▶ [Stored data]
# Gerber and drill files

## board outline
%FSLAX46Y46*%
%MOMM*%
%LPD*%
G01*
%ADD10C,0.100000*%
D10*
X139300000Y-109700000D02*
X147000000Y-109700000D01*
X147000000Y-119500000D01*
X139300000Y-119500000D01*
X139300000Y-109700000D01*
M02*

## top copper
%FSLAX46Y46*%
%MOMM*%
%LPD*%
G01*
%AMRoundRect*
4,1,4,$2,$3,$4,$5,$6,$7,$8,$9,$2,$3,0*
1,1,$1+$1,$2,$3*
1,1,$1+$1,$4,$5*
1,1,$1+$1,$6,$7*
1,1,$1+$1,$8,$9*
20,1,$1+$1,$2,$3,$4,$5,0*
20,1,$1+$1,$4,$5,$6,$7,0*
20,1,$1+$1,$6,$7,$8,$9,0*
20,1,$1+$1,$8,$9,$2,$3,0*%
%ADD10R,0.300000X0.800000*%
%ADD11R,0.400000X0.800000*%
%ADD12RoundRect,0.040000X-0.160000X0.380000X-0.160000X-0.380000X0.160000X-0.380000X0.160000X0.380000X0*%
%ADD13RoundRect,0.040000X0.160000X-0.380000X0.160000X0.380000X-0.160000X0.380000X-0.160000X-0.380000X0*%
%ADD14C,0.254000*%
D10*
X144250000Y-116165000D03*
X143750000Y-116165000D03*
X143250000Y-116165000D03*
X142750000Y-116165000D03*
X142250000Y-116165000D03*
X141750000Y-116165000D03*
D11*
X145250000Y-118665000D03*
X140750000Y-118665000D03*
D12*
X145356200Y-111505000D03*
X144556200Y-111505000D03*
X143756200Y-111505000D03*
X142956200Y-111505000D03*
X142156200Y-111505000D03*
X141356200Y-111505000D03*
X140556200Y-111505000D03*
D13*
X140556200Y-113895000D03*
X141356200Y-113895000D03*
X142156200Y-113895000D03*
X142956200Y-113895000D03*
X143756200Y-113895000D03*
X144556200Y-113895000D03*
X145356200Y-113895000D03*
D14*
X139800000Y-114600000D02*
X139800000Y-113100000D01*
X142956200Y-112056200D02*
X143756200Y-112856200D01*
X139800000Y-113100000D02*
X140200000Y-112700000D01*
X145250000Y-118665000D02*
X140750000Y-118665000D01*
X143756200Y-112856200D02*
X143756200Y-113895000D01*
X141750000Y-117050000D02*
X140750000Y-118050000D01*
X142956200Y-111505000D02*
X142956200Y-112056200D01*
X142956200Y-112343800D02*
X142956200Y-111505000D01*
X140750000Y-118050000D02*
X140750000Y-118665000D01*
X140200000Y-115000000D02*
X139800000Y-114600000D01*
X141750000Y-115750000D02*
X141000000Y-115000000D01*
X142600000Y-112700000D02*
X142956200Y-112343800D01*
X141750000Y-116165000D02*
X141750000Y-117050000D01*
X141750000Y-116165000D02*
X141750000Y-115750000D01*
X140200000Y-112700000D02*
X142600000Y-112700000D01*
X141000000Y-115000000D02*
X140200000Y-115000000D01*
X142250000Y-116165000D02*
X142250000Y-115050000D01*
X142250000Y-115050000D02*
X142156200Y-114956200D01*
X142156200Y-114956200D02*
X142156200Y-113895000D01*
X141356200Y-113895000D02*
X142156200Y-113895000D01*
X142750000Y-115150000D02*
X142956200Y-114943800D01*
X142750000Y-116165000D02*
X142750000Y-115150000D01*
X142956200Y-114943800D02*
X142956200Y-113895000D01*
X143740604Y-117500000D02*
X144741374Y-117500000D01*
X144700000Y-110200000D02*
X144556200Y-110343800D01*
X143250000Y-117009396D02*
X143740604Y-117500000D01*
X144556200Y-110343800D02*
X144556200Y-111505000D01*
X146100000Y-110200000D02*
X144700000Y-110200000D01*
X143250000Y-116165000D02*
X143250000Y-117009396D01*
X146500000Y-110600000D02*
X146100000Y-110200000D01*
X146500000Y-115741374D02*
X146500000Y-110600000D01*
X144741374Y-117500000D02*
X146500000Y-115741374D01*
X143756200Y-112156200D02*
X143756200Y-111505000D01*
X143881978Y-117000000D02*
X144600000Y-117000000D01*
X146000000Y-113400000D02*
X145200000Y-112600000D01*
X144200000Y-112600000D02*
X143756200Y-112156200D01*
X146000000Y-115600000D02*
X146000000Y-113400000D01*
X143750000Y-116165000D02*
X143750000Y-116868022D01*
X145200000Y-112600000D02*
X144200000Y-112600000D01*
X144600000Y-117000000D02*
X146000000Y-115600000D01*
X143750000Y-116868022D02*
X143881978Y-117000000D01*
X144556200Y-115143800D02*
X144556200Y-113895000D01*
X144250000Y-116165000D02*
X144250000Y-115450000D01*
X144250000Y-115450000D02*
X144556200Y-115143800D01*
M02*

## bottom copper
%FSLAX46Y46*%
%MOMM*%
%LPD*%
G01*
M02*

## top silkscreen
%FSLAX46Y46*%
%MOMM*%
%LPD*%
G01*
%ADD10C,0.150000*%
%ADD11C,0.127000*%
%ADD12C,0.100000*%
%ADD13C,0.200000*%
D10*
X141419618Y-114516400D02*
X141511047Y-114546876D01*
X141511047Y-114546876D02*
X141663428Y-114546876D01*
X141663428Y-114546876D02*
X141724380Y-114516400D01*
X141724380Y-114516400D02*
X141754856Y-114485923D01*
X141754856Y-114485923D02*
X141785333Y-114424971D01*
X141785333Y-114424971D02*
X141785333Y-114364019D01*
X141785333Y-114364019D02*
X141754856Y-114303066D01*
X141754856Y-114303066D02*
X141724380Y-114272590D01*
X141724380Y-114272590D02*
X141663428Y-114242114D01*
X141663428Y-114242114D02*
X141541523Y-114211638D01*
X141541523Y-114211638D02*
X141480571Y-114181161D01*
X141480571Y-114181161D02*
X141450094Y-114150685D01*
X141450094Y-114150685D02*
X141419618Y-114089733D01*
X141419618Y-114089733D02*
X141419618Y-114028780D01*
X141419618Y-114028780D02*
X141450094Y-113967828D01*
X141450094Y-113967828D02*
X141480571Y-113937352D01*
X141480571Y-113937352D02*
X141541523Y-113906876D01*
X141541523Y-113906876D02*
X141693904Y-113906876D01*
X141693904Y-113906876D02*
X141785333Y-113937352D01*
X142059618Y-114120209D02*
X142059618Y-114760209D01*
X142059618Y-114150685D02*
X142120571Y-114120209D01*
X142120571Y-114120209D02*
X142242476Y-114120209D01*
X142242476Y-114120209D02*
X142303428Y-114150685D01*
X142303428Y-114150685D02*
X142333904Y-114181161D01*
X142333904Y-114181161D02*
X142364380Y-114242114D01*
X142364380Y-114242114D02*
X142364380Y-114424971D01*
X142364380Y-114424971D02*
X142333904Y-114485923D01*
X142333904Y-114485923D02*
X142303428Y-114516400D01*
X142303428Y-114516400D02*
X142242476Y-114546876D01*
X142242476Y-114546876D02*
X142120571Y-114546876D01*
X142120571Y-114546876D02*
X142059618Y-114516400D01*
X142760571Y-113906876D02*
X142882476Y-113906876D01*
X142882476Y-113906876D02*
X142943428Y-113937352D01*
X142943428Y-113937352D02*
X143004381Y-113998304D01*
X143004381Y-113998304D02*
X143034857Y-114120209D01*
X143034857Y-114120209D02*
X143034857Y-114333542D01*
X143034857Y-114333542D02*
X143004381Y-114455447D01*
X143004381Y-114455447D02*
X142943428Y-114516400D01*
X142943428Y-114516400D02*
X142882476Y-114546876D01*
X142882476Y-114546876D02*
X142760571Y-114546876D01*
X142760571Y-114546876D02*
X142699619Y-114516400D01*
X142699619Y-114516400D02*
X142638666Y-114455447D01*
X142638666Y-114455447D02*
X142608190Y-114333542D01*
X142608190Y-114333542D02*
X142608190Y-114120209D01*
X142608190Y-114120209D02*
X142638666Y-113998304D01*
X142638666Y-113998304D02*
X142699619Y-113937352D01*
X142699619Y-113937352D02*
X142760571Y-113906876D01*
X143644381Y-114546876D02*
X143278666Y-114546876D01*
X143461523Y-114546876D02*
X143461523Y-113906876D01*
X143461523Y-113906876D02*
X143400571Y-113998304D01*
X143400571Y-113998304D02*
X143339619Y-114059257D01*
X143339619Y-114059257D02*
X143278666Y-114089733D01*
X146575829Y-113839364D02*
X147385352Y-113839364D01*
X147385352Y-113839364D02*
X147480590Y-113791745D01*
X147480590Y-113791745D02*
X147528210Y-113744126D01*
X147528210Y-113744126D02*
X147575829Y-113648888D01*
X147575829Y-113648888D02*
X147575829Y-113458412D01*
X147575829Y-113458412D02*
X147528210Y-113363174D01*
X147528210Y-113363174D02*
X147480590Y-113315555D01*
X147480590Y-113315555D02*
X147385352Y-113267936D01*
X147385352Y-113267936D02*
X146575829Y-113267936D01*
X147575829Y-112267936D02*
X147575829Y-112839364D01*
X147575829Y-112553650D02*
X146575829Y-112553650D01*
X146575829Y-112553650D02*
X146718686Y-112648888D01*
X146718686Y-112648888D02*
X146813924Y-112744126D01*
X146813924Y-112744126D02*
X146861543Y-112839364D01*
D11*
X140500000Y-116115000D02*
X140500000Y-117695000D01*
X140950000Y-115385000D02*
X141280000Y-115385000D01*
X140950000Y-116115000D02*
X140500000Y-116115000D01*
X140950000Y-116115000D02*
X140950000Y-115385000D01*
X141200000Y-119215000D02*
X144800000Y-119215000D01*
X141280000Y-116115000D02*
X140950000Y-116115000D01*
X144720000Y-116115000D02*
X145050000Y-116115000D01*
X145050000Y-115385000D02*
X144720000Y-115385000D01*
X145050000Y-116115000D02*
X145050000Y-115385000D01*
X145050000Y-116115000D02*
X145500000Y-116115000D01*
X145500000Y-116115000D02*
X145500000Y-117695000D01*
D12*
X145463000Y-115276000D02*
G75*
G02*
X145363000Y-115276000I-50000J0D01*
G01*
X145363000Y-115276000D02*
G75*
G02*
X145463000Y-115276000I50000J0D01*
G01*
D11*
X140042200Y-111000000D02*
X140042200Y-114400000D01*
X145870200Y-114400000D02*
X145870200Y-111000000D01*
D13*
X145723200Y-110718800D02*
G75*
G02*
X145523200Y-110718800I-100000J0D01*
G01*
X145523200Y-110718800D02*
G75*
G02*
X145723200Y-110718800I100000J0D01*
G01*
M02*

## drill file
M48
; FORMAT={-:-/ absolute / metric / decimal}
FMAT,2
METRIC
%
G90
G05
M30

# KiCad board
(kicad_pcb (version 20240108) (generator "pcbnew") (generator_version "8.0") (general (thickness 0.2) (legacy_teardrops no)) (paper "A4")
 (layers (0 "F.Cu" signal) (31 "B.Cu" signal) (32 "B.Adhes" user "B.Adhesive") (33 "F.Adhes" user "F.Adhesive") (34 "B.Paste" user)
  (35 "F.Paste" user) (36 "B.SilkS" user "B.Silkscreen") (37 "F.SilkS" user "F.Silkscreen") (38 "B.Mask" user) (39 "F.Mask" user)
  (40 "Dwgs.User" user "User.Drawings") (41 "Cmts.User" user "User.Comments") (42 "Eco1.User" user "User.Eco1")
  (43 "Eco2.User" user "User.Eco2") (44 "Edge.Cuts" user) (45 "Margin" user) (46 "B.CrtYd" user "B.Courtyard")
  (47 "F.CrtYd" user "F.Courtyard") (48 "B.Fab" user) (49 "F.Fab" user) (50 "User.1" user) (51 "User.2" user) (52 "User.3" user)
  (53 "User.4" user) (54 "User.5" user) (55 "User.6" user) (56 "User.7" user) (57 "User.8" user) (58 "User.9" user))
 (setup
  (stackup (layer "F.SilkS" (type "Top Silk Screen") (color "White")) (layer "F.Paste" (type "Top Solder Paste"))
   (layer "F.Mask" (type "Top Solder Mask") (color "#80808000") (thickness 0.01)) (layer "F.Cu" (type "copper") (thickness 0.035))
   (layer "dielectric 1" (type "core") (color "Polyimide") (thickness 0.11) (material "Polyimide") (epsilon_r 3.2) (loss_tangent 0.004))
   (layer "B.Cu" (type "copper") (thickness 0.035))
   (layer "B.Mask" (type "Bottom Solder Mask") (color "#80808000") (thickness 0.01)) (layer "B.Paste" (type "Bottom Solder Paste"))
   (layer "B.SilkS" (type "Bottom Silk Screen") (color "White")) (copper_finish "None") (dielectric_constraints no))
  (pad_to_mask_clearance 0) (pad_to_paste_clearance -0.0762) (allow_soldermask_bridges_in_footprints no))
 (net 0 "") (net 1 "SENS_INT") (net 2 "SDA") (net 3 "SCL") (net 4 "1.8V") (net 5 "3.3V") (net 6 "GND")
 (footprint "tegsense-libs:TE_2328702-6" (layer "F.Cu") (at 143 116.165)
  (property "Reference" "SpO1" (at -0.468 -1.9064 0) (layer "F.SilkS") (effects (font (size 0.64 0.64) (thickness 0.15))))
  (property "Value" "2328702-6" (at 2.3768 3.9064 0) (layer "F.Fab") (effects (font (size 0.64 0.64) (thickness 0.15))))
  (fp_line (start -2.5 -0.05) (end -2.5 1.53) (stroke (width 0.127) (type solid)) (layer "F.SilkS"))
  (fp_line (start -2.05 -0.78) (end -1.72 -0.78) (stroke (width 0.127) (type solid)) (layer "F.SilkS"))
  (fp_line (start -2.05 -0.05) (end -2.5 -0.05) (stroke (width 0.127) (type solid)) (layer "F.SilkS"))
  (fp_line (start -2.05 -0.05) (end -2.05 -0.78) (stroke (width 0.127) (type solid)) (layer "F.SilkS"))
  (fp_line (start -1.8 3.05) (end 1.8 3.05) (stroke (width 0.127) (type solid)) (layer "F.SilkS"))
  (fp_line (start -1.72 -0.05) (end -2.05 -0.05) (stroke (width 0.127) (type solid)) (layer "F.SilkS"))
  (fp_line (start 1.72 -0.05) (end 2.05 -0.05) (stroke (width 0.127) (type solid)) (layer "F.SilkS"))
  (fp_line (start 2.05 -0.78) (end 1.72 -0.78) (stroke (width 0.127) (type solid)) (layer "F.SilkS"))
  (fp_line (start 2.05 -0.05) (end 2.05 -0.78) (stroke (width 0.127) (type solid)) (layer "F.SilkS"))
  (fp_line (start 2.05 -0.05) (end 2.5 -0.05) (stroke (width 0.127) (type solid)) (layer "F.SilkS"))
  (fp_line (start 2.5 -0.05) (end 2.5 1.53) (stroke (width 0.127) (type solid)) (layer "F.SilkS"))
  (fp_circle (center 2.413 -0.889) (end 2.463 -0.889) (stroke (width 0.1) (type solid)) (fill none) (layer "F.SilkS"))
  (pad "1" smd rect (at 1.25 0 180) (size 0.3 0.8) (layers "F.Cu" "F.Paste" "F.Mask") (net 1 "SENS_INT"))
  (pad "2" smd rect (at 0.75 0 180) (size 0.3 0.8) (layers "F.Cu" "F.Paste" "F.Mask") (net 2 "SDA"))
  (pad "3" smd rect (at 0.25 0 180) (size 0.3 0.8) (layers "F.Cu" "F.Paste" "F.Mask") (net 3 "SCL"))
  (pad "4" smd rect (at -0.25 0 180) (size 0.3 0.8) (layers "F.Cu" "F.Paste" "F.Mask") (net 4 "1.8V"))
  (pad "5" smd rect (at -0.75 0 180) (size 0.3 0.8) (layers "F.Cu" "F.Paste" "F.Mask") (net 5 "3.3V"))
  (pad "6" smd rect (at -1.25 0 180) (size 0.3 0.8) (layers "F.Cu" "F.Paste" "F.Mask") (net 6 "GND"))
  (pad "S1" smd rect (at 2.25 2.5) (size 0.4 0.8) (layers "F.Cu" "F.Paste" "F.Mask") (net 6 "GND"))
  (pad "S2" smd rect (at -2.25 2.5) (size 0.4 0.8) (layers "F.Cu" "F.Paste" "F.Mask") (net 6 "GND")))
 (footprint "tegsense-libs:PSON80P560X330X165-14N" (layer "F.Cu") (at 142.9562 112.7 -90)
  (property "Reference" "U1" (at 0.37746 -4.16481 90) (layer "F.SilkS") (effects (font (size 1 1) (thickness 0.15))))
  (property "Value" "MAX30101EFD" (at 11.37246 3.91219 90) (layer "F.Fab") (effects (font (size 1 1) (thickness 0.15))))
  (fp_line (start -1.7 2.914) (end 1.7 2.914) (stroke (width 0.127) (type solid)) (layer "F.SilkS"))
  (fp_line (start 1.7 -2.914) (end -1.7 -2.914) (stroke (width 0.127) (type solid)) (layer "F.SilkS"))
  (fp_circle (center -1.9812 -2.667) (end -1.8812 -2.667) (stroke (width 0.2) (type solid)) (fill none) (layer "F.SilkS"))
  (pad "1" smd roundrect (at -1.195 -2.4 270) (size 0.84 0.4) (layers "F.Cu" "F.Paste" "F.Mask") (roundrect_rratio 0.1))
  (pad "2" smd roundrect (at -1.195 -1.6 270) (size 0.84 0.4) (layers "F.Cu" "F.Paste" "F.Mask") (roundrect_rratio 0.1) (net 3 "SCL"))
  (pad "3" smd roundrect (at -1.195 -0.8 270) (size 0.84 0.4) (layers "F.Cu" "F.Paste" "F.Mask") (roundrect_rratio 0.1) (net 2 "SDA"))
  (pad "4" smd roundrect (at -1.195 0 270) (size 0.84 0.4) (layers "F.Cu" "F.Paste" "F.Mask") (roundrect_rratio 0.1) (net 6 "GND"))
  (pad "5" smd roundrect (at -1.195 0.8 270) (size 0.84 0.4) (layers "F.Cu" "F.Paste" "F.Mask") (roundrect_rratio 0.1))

...

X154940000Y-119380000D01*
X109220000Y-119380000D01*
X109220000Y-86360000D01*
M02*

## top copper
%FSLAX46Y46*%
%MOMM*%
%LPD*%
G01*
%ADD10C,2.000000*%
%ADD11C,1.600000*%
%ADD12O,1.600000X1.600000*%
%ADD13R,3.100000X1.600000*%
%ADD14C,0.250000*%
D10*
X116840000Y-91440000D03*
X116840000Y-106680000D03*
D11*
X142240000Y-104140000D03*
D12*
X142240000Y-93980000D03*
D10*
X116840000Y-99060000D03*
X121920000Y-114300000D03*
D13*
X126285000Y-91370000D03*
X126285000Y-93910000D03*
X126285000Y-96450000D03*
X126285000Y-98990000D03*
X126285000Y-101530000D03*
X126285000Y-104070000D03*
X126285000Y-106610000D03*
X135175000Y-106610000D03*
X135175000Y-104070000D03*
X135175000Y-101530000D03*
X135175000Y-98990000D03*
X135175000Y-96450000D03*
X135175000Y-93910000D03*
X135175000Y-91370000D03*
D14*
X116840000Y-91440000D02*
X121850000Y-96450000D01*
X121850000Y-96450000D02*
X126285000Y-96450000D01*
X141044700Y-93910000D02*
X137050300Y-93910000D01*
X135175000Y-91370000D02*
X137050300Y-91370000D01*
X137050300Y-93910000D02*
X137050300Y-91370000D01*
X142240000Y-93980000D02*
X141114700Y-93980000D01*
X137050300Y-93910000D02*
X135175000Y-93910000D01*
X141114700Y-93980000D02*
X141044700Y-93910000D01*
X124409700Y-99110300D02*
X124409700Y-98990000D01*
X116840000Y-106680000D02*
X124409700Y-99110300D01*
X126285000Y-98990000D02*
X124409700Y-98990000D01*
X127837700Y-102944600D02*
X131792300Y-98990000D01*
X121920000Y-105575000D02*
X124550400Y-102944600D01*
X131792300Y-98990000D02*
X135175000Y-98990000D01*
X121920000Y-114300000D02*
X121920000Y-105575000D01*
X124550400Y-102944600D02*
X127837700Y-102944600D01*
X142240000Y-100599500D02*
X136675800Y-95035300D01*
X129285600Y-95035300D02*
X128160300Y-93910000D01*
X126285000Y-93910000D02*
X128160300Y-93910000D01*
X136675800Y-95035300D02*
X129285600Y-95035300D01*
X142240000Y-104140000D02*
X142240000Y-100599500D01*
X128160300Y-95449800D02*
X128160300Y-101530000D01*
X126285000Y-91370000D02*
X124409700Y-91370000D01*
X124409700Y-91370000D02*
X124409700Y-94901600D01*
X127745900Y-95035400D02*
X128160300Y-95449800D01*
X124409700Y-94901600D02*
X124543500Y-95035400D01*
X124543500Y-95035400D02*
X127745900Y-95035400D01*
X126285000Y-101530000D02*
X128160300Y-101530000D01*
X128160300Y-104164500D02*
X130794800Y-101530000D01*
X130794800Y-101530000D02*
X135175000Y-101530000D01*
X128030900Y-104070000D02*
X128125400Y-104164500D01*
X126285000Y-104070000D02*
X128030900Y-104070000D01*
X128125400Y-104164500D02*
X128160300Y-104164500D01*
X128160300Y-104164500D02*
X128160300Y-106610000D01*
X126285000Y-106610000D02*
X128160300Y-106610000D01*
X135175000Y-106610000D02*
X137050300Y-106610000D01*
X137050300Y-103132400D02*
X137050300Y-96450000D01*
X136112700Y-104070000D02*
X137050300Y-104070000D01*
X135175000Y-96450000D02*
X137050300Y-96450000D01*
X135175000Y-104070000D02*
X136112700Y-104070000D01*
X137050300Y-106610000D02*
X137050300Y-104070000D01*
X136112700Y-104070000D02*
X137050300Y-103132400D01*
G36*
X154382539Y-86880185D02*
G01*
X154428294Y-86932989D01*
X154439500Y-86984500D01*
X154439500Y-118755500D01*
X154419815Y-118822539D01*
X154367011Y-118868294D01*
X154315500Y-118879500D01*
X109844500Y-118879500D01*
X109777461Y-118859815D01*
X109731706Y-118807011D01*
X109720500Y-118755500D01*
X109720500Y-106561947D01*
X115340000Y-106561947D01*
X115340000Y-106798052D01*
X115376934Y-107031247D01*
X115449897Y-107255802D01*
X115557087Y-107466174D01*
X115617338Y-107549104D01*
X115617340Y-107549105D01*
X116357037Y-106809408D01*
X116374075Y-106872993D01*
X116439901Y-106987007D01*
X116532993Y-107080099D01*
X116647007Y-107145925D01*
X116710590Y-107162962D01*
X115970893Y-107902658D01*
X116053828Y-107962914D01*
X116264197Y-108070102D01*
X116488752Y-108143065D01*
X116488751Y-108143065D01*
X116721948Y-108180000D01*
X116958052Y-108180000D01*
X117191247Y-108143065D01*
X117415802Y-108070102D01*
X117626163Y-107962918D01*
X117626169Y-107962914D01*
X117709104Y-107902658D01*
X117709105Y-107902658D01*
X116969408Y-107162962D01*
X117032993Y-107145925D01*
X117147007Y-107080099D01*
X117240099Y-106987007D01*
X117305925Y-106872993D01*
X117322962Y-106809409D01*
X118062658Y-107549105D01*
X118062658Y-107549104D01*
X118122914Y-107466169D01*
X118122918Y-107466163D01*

▶ [Aim of the task]
Copy each line above containing the string "tegsense".

▶ [Answer to this task]
 (footprint "tegsense-libs:TE_2328702-6" (layer "F.Cu") (at 143 116.165)
 (footprint "tegsense-libs:PSON80P560X330X165-14N" (layer "F.Cu") (at 142.9562 112.7 -90)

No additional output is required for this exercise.